ISLAMABAD, Nov 30 (Reuters) – Saudi Arabia will deposit $3 billion in Pakistan’s foreign reserves in a week or so for one year at 4% interest under a support package signed on Monday, Pakistan’s finance ministry spokesman said on Tuesday.
The South Asian nation has faced growing economic challenges with sliding foreign reserves, a widening current account deficit, a depreciating currency and high inflation.
Pakistan’s total liquid foreign reserves stand at $22.77 billion, according to the central bank.
The Saudi support package that included a $1.2 billion oil loan facility was agreed during Prime Minister Imran Khan’s visit to Riyadh last month.
Asked when the Saudi deposit would land in Pakistan’s foreign reserves, Finance Ministry spokesman Muzammil Aslam told Reuters: “Hopefully this week or early next week.”

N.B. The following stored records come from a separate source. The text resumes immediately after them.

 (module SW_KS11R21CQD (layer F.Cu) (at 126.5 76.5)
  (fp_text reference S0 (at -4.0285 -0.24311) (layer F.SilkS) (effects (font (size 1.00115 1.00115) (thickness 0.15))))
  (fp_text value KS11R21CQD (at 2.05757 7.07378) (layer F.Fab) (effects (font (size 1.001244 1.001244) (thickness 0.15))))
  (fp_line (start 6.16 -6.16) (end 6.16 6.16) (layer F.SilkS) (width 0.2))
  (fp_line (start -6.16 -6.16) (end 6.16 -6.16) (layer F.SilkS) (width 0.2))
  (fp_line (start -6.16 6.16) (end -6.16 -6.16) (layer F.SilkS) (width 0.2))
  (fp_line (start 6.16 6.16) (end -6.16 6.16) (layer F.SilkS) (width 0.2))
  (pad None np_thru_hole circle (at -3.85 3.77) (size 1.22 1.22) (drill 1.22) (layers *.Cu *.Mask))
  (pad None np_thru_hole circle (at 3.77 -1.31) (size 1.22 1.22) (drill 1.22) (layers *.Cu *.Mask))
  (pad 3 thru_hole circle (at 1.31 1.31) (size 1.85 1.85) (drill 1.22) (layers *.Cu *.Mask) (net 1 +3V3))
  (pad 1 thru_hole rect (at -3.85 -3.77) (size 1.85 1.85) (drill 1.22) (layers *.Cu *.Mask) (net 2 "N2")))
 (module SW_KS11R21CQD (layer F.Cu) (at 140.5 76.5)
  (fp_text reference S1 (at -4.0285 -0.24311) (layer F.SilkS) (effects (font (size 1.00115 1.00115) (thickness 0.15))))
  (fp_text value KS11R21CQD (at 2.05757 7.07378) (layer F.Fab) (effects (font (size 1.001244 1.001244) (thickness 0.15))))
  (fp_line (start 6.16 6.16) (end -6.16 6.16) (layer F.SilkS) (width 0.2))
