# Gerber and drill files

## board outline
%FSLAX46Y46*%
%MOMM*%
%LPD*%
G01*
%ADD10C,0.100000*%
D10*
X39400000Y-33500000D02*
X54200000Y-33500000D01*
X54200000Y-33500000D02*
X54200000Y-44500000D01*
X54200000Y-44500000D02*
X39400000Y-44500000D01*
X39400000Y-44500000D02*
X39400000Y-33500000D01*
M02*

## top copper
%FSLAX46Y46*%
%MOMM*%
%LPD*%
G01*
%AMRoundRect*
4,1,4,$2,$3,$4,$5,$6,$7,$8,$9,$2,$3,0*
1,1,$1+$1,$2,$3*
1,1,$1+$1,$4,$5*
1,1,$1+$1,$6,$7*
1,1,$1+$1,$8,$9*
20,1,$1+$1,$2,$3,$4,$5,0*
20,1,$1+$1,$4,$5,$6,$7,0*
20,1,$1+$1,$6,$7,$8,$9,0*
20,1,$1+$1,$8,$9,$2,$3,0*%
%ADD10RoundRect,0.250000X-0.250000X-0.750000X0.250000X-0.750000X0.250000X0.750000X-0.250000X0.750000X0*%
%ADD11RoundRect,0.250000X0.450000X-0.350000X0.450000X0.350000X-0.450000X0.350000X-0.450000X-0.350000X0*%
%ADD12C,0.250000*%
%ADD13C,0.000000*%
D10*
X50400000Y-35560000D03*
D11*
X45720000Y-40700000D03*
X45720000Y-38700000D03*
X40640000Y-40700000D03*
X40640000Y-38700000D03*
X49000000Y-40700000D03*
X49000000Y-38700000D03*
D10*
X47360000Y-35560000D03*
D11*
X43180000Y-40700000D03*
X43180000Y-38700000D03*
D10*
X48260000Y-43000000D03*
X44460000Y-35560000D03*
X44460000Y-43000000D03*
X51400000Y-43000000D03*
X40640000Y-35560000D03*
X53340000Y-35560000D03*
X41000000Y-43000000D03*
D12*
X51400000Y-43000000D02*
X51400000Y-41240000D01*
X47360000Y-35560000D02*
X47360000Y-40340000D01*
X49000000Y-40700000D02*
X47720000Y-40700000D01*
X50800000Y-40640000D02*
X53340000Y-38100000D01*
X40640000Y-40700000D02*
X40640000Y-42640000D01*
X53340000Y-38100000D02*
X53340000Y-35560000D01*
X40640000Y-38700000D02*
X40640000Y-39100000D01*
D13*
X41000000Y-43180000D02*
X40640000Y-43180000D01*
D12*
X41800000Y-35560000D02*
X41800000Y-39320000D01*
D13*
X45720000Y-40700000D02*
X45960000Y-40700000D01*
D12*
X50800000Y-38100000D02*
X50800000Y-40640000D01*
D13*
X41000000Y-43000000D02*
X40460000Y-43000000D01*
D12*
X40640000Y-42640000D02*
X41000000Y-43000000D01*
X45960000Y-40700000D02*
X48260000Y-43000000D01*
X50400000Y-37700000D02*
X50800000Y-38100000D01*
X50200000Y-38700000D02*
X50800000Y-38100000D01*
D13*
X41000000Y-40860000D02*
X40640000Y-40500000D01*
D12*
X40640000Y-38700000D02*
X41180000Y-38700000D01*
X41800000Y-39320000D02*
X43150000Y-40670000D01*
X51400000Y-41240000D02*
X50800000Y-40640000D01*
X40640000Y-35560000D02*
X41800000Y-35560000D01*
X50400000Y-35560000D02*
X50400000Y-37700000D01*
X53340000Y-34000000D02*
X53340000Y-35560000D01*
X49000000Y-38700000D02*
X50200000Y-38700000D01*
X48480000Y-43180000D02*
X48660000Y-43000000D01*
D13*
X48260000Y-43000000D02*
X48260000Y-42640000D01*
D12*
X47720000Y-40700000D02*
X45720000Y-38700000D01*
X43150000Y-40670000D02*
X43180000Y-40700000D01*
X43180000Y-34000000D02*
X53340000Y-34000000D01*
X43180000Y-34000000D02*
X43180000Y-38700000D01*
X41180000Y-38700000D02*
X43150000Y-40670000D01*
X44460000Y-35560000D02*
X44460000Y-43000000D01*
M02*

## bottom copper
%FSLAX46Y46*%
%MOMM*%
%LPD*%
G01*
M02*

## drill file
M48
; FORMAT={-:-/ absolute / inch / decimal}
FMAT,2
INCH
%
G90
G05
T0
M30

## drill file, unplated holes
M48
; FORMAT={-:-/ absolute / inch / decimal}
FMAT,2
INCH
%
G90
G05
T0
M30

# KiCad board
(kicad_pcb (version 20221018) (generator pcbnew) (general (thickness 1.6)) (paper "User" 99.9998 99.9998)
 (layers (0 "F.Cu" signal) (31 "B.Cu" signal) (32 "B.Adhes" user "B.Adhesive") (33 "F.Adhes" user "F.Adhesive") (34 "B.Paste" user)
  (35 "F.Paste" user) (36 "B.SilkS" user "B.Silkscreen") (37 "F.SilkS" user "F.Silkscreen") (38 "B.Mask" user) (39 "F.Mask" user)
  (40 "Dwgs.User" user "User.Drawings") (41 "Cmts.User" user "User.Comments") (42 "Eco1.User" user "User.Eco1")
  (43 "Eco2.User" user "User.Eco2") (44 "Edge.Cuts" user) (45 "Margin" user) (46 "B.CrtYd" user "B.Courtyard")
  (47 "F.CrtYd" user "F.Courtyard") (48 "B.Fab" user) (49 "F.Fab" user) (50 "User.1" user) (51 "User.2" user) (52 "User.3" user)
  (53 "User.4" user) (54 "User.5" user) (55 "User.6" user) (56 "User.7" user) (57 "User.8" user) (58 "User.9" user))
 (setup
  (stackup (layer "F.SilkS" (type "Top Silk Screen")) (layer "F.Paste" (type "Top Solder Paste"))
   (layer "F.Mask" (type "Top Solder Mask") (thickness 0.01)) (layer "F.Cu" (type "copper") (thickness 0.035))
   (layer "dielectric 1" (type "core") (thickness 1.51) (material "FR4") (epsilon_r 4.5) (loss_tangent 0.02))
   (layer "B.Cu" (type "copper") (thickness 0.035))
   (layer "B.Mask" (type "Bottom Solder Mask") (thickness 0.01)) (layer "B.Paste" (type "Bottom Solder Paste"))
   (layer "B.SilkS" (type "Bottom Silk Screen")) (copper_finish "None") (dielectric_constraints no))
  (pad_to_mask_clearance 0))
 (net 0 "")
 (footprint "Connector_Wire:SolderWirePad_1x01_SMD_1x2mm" (layer "F.Cu") (at 50.4 35.56)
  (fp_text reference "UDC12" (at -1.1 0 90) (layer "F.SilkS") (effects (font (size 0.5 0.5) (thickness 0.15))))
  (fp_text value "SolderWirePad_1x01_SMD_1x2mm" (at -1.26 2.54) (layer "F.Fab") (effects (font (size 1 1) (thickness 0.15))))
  (pad "1" smd roundrect (at 0 0) (size 1 2) (layers "F.Cu" "F.Paste" "F.Mask") (roundrect_rratio 0.25)))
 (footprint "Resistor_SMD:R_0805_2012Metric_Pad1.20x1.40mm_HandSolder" (layer "F.Cu") (at 45.72 39.7 90)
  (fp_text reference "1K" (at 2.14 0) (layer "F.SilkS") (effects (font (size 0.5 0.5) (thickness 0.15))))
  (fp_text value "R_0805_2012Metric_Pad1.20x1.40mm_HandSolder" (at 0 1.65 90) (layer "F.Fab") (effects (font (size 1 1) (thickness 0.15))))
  (pad "1" smd roundrect (at -1 0 90) (size 1.2 1.4) (layers "F.Cu" "F.Paste" "F.Mask") (roundrect_rratio 0.2083333333))
  (pad "2" smd roundrect (at 1 0 90) (size 1.2 1.4) (layers "F.Cu" "F.Paste" "F.Mask") (roundrect_rratio 0.2083333333)))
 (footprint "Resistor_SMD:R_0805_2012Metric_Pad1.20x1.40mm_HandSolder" (layer "F.Cu") (at 40.64 39.7 90)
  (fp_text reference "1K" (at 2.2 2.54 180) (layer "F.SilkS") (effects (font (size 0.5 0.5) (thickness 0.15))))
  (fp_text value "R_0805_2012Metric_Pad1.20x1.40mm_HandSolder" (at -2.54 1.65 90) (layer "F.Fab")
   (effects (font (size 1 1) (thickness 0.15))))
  (pad "1" smd roundrect (at -1 0 90) (size 1.2 1.4) (layers "F.Cu" "F.Paste" "F.Mask") (roundrect_rratio 0.2083333333))
  (pad "2" smd roundrect (at 1 0 90) (size 1.2 1.4) (layers "F.Cu" "F.Paste" "F.Mask") (roundrect_rratio 0.2083333333)))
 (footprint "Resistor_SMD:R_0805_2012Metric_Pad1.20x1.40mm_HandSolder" (layer "F.Cu") (at 49 39.7 90)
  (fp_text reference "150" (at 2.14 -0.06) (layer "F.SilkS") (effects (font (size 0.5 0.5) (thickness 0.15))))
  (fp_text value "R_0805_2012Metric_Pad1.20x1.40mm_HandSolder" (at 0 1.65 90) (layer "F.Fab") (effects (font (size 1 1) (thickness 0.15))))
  (pad "1" smd roundrect (at -1 0 90) (size 1.2 1.4) (layers "F.Cu" "F.Paste" "F.Mask") (roundrect_rratio 0.2083333333))
  (pad "2" smd roundrect (at 1 0 90) (size 1.2 1.4) (layers "F.Cu" "F.Paste" "F.Mask") (roundrect_rratio 0.2083333333)))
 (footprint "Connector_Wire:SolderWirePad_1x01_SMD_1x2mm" (layer "F.Cu") (at 47.36 35.56)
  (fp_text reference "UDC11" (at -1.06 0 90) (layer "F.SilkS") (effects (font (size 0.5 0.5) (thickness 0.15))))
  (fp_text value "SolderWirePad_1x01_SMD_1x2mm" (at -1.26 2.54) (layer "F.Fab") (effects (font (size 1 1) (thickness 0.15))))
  (pad "1" smd roundrect (at 0 0) (size 1 2) (layers "F.Cu" "F.Paste" "F.Mask") (roundrect_rratio 0.25)))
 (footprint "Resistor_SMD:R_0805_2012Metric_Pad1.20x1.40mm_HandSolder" (layer "F.Cu") (at 43.18 39.7 90)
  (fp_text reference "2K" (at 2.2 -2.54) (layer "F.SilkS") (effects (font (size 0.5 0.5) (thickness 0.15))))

He said it was a “one year demand deposit” with 4% interest.
Chief Executive Officer Sultan Bin Abdul Rahman Al-Marshad of the Saudi Fund for Development (SFD) and Pakistan’s State Bank Governor Reza Baqir signed the agreement in Karachi on Monday, the central bank said in statement.

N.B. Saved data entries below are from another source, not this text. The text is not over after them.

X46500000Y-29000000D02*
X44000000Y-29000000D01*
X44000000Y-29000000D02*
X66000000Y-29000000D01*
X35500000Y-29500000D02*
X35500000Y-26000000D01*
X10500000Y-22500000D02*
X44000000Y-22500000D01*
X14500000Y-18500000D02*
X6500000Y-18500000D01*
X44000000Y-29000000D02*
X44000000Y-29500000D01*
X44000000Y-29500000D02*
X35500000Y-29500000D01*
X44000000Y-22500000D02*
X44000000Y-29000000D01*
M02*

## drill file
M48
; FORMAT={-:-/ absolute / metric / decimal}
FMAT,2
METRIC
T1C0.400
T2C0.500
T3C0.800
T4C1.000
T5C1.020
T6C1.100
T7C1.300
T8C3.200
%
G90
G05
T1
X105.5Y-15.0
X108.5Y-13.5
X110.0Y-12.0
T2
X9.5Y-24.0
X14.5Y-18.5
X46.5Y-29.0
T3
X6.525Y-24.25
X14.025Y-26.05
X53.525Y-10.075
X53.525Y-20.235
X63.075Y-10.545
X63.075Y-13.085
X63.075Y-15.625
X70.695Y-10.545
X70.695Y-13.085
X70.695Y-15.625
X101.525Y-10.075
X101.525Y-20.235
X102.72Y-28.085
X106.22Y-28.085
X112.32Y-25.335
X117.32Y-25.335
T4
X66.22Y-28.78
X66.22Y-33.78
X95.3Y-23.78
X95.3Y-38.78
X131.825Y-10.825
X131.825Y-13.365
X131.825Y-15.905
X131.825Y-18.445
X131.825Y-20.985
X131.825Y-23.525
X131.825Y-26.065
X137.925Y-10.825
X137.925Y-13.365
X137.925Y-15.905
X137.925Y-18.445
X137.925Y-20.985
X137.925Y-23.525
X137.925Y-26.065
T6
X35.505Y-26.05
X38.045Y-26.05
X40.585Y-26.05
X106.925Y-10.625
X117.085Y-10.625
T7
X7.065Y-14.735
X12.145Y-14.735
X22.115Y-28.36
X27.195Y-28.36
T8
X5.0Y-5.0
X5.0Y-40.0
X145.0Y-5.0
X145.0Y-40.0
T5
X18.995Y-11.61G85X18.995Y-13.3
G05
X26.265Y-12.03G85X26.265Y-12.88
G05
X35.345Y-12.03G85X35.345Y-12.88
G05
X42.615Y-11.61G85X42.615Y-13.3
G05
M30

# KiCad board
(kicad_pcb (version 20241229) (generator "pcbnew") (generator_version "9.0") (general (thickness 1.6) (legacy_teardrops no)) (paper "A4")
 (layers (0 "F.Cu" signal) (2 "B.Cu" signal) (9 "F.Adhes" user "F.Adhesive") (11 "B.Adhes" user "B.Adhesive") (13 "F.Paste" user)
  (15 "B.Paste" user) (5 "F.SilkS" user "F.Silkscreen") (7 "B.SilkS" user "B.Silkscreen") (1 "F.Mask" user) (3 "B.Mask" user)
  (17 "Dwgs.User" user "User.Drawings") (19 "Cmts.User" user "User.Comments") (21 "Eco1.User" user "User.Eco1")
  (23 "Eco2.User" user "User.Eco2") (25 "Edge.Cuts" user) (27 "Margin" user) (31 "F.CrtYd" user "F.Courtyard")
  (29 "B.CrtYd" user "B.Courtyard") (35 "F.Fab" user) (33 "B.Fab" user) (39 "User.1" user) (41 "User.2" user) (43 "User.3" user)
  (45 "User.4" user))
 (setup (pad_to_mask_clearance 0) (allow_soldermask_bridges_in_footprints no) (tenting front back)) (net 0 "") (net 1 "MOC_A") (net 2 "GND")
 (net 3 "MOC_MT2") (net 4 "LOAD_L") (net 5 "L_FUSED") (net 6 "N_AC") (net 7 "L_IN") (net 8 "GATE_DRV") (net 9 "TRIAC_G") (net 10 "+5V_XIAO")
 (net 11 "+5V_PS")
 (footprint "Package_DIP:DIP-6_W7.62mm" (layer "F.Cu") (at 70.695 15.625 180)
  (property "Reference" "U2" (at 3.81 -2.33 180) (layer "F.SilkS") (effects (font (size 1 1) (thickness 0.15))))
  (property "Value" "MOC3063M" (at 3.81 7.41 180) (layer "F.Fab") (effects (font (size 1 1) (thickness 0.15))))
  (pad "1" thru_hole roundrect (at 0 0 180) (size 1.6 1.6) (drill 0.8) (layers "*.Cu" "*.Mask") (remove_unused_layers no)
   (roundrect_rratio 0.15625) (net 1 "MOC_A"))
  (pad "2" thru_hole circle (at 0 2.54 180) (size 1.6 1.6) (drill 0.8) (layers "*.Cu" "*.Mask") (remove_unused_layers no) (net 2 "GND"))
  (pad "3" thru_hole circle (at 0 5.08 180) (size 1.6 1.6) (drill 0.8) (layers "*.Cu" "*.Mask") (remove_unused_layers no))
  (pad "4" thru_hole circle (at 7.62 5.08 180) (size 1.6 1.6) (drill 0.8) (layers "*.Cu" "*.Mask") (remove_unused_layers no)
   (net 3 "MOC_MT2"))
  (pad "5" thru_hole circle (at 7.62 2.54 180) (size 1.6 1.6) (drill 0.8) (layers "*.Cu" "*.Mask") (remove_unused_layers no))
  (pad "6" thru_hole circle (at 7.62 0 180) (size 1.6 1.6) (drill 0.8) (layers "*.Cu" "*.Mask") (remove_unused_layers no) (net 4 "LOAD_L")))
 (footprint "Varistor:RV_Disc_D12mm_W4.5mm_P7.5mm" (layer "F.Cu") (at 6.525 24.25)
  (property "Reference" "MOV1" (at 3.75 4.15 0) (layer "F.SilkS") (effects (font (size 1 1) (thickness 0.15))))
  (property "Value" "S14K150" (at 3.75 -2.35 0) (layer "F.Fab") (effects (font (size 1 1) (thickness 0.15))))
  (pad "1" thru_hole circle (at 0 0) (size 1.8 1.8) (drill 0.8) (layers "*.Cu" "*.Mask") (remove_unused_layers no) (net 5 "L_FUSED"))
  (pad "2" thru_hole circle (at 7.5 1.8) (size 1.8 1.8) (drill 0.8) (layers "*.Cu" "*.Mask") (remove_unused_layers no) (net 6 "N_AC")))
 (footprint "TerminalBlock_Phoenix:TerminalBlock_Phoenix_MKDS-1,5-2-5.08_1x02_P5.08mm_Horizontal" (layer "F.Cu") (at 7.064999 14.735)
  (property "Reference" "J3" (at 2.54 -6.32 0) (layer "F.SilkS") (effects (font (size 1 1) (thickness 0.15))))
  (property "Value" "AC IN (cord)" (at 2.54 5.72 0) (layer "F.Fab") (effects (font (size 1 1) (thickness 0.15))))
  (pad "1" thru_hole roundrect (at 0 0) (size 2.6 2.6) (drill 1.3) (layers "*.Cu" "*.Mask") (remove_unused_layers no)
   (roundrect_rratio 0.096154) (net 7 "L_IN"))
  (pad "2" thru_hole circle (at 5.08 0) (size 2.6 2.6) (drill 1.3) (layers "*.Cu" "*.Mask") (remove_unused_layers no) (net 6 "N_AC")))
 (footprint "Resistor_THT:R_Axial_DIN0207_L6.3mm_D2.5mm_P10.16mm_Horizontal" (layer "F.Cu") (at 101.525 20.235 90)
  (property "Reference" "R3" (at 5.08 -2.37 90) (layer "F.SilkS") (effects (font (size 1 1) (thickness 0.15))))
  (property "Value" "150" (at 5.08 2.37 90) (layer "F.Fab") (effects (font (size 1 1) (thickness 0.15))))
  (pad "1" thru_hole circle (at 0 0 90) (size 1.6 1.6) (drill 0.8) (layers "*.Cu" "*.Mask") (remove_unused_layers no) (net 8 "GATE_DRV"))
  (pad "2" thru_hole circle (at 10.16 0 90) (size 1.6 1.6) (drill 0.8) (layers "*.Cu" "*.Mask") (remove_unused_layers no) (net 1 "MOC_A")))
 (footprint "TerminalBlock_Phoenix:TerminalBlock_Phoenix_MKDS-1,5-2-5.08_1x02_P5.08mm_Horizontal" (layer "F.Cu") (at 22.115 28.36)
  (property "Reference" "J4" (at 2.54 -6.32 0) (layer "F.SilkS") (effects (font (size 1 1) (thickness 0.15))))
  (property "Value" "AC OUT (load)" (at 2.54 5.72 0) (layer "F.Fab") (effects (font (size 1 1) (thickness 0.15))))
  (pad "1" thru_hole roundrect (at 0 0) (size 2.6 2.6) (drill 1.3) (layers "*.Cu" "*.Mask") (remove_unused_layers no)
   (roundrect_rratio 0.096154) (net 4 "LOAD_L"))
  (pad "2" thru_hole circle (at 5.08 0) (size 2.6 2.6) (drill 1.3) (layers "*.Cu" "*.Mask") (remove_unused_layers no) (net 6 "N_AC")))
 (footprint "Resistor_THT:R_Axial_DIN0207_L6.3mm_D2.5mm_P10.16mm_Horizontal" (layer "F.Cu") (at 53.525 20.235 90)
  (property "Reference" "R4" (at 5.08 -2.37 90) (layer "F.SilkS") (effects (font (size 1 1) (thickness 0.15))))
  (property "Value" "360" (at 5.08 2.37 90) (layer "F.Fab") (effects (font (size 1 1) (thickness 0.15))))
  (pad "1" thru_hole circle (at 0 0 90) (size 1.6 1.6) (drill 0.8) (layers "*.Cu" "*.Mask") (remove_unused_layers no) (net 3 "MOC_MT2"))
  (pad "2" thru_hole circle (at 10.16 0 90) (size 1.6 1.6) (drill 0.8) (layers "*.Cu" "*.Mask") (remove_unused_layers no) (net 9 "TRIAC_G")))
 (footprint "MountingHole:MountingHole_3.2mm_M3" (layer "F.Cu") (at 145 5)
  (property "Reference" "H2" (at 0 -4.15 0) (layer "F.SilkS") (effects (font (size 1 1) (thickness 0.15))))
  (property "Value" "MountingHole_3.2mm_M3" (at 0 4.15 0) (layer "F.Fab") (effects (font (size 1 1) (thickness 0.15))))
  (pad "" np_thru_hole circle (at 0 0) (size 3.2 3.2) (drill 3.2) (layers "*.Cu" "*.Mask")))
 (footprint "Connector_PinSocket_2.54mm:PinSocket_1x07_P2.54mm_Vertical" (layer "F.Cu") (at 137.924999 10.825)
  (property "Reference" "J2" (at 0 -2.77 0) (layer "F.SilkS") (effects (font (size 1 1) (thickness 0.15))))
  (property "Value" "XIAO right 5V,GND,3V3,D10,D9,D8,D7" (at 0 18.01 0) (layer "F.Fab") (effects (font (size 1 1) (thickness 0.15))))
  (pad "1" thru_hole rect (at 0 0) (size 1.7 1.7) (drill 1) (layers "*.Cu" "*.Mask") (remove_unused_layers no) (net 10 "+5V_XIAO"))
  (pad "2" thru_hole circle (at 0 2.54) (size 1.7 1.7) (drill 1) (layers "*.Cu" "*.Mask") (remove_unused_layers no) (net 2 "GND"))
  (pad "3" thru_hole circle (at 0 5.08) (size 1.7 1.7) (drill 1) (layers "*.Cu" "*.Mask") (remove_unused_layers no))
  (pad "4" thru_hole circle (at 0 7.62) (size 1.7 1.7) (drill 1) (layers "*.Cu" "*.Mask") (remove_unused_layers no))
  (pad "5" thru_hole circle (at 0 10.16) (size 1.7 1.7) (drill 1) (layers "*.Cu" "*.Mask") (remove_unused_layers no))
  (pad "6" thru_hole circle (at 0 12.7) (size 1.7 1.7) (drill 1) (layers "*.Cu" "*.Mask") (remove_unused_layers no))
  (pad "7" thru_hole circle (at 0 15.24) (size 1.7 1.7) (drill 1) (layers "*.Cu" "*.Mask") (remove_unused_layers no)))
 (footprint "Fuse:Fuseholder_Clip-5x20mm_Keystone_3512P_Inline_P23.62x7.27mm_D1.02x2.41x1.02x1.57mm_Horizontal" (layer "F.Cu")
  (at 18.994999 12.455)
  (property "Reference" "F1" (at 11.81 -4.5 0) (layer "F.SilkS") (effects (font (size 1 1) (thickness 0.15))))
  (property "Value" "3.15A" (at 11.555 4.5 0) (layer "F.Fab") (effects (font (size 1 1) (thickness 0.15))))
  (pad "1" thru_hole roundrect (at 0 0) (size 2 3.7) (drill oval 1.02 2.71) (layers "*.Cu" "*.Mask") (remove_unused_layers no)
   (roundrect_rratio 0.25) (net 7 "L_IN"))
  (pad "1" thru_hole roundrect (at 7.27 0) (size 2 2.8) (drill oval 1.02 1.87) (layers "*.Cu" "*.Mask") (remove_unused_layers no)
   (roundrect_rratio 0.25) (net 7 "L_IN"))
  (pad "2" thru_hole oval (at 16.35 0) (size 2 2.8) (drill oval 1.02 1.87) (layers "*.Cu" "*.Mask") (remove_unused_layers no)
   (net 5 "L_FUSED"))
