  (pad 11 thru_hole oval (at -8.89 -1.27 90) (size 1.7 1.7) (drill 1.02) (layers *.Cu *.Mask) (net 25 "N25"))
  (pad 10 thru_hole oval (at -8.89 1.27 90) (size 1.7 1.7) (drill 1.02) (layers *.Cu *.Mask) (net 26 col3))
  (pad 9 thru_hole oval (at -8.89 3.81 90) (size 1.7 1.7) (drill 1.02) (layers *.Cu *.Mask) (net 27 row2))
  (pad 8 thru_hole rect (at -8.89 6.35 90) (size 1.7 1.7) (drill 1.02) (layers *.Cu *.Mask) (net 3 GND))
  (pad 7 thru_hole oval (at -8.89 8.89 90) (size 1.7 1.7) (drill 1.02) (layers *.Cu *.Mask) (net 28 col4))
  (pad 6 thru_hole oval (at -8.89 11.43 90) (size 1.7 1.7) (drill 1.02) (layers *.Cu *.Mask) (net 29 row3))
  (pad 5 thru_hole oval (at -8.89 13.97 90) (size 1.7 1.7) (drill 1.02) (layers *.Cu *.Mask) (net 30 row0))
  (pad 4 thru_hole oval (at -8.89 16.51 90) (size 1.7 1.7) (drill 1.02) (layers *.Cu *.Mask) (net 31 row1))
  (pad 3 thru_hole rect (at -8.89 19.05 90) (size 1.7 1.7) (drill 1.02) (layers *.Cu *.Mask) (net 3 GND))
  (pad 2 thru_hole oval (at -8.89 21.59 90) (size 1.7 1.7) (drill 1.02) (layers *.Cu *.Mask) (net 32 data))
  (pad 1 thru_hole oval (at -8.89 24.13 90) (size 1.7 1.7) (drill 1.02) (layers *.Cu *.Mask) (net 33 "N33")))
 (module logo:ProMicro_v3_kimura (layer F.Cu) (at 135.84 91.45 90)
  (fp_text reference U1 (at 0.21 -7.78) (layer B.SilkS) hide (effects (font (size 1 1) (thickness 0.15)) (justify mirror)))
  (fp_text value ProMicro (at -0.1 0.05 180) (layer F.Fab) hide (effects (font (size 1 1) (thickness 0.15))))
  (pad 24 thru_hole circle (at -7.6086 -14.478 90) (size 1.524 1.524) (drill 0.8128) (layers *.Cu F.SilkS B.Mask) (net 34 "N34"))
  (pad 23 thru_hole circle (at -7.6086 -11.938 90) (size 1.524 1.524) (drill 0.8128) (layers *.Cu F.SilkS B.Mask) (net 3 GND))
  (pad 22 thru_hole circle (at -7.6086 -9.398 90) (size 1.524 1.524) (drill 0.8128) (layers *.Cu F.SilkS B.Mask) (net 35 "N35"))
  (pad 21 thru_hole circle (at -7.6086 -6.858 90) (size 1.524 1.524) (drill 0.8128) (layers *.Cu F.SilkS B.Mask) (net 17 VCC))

“Under this deposit agreement, SFD shall place a deposit of USD 3 billion with SBP. The deposit amount under the agreement shall become part of SBP’s Foreign Exchange Reserves,” it said.
The Saudi facility has come a week after the International Monetary Fund (IMF) agreed with Pakistan on measures needed to revive a stalled $6 billion funding programme.
The completion of the review, pending since earlier this year, would make available 750 million in IMF special drawing rights, or around $1 billion, bringing total disbursements so far to about $3 billion, the statement said.
The central bank has raised its benchmark interest rate by 150 basis points to 8.75% to counter inflationary pressures and preserve stability with growth.
Headline inflation had reached 9.2% in October, up from 8.4% two months earlier, and the Pakistani rupee that closed at 175.72 at inter-bank against a dollar has depreciated over 11% since the start of this year.